Oh, and since you mention Rick Riordian I've been meaning to read his Lightning Thief books! Also I'm a fan of how Steven King writes, he's so good at making pretty much anything sound interesting. It's what I aspire to.

Sent from my SM-G860P using Tapatalk


----------



## sas (Mar 6, 2017)

Cory,

This is my personal experience with writing.
First I must have something I *need *​to write. "I want to write" never enters my mind.


----------



## GaryM (Mar 21, 2017)

Cory,

Welcome!  I'm new here too, and like you was struggling to find my way when it came to writing.  I am an avid blogger and as my Bride and friends say I have the gift of gab. Sometimes I'm not sure if that's a good thing or bad.    They all made me realize that if I can blog about my passion (flying) I can write about it. 
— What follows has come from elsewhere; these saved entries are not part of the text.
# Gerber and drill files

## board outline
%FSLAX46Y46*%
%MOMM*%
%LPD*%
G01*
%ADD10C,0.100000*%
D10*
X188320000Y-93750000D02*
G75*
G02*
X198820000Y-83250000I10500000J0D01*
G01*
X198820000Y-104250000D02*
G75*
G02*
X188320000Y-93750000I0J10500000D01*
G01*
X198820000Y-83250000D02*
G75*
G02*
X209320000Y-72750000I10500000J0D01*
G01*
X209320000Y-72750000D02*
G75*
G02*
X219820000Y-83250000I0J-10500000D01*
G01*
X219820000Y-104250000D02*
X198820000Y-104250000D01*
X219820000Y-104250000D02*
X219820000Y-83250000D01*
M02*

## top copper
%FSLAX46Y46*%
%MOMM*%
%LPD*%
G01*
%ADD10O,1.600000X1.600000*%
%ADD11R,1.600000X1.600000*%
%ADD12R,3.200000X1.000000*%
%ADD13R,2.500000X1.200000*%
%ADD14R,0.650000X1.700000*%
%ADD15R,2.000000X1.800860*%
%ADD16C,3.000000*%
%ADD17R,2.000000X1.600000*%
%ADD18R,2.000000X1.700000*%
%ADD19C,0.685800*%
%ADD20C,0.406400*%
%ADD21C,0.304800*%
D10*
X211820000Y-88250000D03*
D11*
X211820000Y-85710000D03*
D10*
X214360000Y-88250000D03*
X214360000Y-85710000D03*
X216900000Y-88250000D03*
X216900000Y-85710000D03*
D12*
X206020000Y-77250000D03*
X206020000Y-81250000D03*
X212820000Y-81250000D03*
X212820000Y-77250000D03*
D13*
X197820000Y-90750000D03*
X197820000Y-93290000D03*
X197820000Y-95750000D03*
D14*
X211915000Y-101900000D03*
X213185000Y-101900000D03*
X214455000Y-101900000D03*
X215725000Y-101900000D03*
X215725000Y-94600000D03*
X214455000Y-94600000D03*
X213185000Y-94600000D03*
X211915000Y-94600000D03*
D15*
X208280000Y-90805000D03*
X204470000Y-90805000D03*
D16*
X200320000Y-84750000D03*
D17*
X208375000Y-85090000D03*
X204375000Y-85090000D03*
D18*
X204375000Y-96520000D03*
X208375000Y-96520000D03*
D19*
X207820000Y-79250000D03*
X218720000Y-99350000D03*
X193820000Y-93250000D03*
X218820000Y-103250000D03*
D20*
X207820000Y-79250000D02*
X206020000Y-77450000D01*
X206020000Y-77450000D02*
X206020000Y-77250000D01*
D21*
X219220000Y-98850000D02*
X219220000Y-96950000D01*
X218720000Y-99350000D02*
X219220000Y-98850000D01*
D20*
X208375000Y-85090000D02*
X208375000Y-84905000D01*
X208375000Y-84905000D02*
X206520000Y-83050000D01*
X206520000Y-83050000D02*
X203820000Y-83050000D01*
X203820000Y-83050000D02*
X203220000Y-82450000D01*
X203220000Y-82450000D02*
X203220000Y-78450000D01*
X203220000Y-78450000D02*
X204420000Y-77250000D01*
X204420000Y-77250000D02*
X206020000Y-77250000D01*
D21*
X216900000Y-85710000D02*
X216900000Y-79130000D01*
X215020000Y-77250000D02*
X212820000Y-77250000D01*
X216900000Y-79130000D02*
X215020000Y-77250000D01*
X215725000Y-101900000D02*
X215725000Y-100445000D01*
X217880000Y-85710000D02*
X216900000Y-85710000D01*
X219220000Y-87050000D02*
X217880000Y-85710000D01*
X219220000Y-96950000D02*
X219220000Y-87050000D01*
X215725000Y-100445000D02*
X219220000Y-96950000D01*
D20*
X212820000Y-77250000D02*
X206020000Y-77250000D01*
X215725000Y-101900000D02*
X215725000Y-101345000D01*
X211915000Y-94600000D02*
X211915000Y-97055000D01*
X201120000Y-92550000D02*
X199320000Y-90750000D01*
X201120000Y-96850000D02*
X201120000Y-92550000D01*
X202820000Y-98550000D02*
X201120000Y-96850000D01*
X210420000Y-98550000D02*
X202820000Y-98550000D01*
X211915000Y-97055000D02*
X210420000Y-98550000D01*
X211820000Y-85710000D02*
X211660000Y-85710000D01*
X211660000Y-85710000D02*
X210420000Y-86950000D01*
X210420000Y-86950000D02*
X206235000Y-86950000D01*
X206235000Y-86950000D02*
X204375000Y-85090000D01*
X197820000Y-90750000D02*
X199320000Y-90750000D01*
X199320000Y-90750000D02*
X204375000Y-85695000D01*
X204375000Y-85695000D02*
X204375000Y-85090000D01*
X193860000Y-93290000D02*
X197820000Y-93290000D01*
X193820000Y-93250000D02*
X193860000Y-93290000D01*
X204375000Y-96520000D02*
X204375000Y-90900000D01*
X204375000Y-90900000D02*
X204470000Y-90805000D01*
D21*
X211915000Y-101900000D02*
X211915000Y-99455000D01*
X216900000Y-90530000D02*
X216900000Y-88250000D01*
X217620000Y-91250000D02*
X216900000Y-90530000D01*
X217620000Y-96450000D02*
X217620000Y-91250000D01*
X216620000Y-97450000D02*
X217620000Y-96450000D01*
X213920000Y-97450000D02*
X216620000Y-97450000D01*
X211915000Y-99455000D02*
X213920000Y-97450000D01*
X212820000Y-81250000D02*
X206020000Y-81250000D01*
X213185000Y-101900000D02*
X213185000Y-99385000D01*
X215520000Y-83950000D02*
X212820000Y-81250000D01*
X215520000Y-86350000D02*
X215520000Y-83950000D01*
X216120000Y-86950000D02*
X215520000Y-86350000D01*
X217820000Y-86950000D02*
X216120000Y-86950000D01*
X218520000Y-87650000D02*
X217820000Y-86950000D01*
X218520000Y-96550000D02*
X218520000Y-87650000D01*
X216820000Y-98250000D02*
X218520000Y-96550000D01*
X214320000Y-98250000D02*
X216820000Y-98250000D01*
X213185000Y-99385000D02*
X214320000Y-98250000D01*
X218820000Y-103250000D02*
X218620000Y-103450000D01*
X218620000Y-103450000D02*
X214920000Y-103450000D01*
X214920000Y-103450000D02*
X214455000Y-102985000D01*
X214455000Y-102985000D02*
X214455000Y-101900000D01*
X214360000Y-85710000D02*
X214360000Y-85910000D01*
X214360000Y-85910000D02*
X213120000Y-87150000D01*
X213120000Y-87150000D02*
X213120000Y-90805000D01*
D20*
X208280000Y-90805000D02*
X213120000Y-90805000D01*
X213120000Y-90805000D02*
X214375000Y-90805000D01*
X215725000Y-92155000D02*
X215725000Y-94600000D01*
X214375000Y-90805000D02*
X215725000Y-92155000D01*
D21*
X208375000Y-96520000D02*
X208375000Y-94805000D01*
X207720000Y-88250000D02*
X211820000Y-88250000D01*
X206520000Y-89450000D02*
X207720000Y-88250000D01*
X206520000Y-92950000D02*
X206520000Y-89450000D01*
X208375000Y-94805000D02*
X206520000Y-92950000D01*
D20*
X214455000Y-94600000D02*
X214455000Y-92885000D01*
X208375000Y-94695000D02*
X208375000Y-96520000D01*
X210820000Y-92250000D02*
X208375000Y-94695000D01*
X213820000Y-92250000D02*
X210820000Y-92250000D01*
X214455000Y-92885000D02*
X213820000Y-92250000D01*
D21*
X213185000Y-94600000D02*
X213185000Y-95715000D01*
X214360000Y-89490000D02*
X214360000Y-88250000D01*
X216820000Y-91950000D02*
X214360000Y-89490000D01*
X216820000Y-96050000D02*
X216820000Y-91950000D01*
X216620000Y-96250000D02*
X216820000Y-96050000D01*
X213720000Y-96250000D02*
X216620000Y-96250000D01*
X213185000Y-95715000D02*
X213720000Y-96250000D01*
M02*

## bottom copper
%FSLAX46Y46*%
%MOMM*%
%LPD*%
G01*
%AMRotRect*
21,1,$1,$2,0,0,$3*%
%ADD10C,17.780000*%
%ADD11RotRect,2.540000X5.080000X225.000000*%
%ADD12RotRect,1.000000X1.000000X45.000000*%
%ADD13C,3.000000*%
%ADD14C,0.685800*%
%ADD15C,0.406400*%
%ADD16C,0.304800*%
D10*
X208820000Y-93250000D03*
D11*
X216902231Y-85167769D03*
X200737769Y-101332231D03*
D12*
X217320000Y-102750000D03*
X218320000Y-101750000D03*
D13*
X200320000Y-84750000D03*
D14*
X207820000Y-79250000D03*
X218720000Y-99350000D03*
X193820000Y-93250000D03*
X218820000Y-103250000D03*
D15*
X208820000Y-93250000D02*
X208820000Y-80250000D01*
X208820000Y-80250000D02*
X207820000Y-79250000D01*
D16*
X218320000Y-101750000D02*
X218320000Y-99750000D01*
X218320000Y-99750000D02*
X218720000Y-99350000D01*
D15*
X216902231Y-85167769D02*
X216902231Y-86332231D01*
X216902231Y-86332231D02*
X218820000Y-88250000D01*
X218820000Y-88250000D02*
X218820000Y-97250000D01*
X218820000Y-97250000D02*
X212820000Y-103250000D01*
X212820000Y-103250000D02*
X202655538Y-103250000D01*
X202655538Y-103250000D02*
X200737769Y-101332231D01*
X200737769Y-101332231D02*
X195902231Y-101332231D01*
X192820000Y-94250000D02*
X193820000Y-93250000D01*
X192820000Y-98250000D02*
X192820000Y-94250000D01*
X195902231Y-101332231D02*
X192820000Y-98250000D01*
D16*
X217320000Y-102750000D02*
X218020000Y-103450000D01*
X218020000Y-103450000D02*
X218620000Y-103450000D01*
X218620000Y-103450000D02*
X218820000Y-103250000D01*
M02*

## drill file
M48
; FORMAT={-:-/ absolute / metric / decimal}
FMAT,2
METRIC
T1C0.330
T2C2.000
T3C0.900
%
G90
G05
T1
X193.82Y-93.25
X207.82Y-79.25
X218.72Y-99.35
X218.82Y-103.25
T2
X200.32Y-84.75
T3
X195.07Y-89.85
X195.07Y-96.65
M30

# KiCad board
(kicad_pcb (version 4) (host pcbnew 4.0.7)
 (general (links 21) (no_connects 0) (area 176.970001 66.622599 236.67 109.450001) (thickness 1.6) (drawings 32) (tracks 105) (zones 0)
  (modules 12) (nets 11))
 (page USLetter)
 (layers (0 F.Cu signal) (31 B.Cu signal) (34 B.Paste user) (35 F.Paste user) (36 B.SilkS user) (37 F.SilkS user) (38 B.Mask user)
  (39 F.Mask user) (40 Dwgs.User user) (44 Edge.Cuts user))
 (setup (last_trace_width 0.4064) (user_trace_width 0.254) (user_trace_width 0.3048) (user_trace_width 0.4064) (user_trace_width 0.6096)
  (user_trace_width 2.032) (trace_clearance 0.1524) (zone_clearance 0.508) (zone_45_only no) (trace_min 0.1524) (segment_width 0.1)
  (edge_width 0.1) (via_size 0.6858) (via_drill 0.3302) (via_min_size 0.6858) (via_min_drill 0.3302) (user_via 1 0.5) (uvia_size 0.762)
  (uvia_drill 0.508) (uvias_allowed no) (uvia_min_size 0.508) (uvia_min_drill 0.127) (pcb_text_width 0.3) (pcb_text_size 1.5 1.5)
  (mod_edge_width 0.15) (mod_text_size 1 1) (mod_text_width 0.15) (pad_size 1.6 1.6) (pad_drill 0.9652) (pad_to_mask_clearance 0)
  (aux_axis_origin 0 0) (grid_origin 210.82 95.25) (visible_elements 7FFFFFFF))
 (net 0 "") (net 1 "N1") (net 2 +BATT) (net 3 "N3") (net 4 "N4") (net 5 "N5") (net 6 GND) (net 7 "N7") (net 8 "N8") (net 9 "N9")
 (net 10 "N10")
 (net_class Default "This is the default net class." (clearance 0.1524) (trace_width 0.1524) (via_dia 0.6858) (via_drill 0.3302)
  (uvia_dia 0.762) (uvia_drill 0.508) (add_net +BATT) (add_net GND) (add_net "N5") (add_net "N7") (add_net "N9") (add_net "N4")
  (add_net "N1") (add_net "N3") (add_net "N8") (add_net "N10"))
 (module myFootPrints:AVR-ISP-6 (layer F.Cu) (at 211.82 88.25 90)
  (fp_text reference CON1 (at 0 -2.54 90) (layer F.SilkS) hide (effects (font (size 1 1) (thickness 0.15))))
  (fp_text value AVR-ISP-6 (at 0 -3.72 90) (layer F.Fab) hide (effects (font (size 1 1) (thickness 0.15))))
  (pad 1 smd oval (at 0 0 90) (size 1.6 1.6) (layers F.Cu F.Paste F.Mask) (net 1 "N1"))
  (pad 2 smd rect (at 2.54 0 90) (size 1.6 1.6) (layers F.Cu F.Paste F.Mask) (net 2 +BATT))
  (pad 3 smd oval (at 0 2.54 90) (size 1.6 1.6) (layers F.Cu F.Paste F.Mask) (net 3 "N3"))
  (pad 4 smd oval (at 2.54 2.54 90) (size 1.6 1.6) (layers F.Cu F.Paste F.Mask) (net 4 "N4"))
  (pad 5 smd oval (at 0 5.08 90) (size 1.6 1.6) (layers F.Cu F.Paste F.Mask) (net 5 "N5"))
  (pad 6 smd oval (at 2.54 5.08 90) (size 1.6 1.6) (layers F.Cu F.Paste F.Mask) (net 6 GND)))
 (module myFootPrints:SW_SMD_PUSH (layer F.Cu) (at 212.82 81.25 180)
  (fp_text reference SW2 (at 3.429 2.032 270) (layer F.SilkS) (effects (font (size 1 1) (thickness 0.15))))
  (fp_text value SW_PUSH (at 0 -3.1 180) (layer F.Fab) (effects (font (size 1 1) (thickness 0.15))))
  (pad 2 smd rect (at 6.8 4 180) (size 3.2 1) (layers F.Cu F.Paste F.Mask) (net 6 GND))
  (pad 1 smd rect (at 6.8 0 180) (size 3.2 1) (layers F.Cu F.Paste F.Mask) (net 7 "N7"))
  (pad 1 smd rect (at 0 0 180) (size 3.2 1) (layers F.Cu F.Paste F.Mask) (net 7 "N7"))
  (pad 2 smd rect (at 0 4 180) (size 3.2 1) (layers F.Cu F.Paste F.Mask) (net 6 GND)))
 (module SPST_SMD (layer F.Cu) (at 197.82 93.25 270)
The others that have posted have provided so many great ideas for us newbies.  I hope you find that confidence to put it on paper. I decided to run with my experiences that I blog about and it started to just flow, maybe it was just me in my comfort zone.   

Wishing you the best!!

Gary


----------



## Jenwales (Mar 21, 2017)

Hi, welcome to the forum. 
What's the problem mainly, starting a story or having an idea? Ideas are everywhere, from a conversation heard in the street to something on the news. Once you have an idea you have various ways to expand it. Ask What if? questions or mind map. Whatever works for you.
Keep a notebook with ideas. Once you get into the habit of thinking or finding them it will come easily. 

If you are struggling just to write sit down, get your pen and paper or your laptop or whatever and set a timer. You can set a timer on goggle or use your phone. Set it for 5 minutes and write non-stop for 5 mins. You know even if it's rubbish, just 5mins non-stop. This works for me. You can ever use a prompt or maybe flick through pictures online and see if that helps. A picture of a person might make you ask who are they and what do they do? Write about that for 5 mins. 
(An ebook that I got into with exercises back to creative writing school:- https://www.amazon.co.uk/dp/B00GJN576E/

Once you've written something put it away and come back to it in a week. I love finding a story from a while ago and finding that it's not as bad as I thought or finding a new idea for it.

You can read as many books on writing as you want, I've realised myself that it's practice and getting the words down that is the best thing. Even if it's terrible, it's better to have written something than to have sat down reading about it. And make sure when you do write a story you finish it! I have a lot of stories stuck in the rewrite stage, that's where I am, rewriting a lot of started stories.


----------



## SilverMoon (Mar 21, 2017)

Welcome, Cory! You've entered the door of the best Writing Home around. I've made great friends here and have learned more from WF than when majoring in English Lit in college. To get comfy I'd suggest checking out *The Lounge *where you'll get to know people on a more casual basis.
http://www.writingforums.com/forums/23-The-Lounge


Sas, made a comment I like - what do you* need *to write as opposed to what you *want* to write. Words we tell ourselves are so important. For me "need" implies "passion"! And you sound like one determined, passionate writer in the making.

Oh, *"Writing Discussion"* is also a great place. Members just like you with questions.
http://www.writingforums.com/forums/14-Writing-Discussion

All the best!


----------



## AnnPreston (Mar 22, 2017)

Hey,

I totally understand what you mean about not feeling like a writer.  I love writing but I never feel as though I am good enough at it.  My husband says I am writer because I write.  So that would make you a writer too! I would glad to be read some of your stuff I have been on a lot of forums and have been critiqued many times on my work, with writing I find that you are always learning new things and how to better your writing.


----------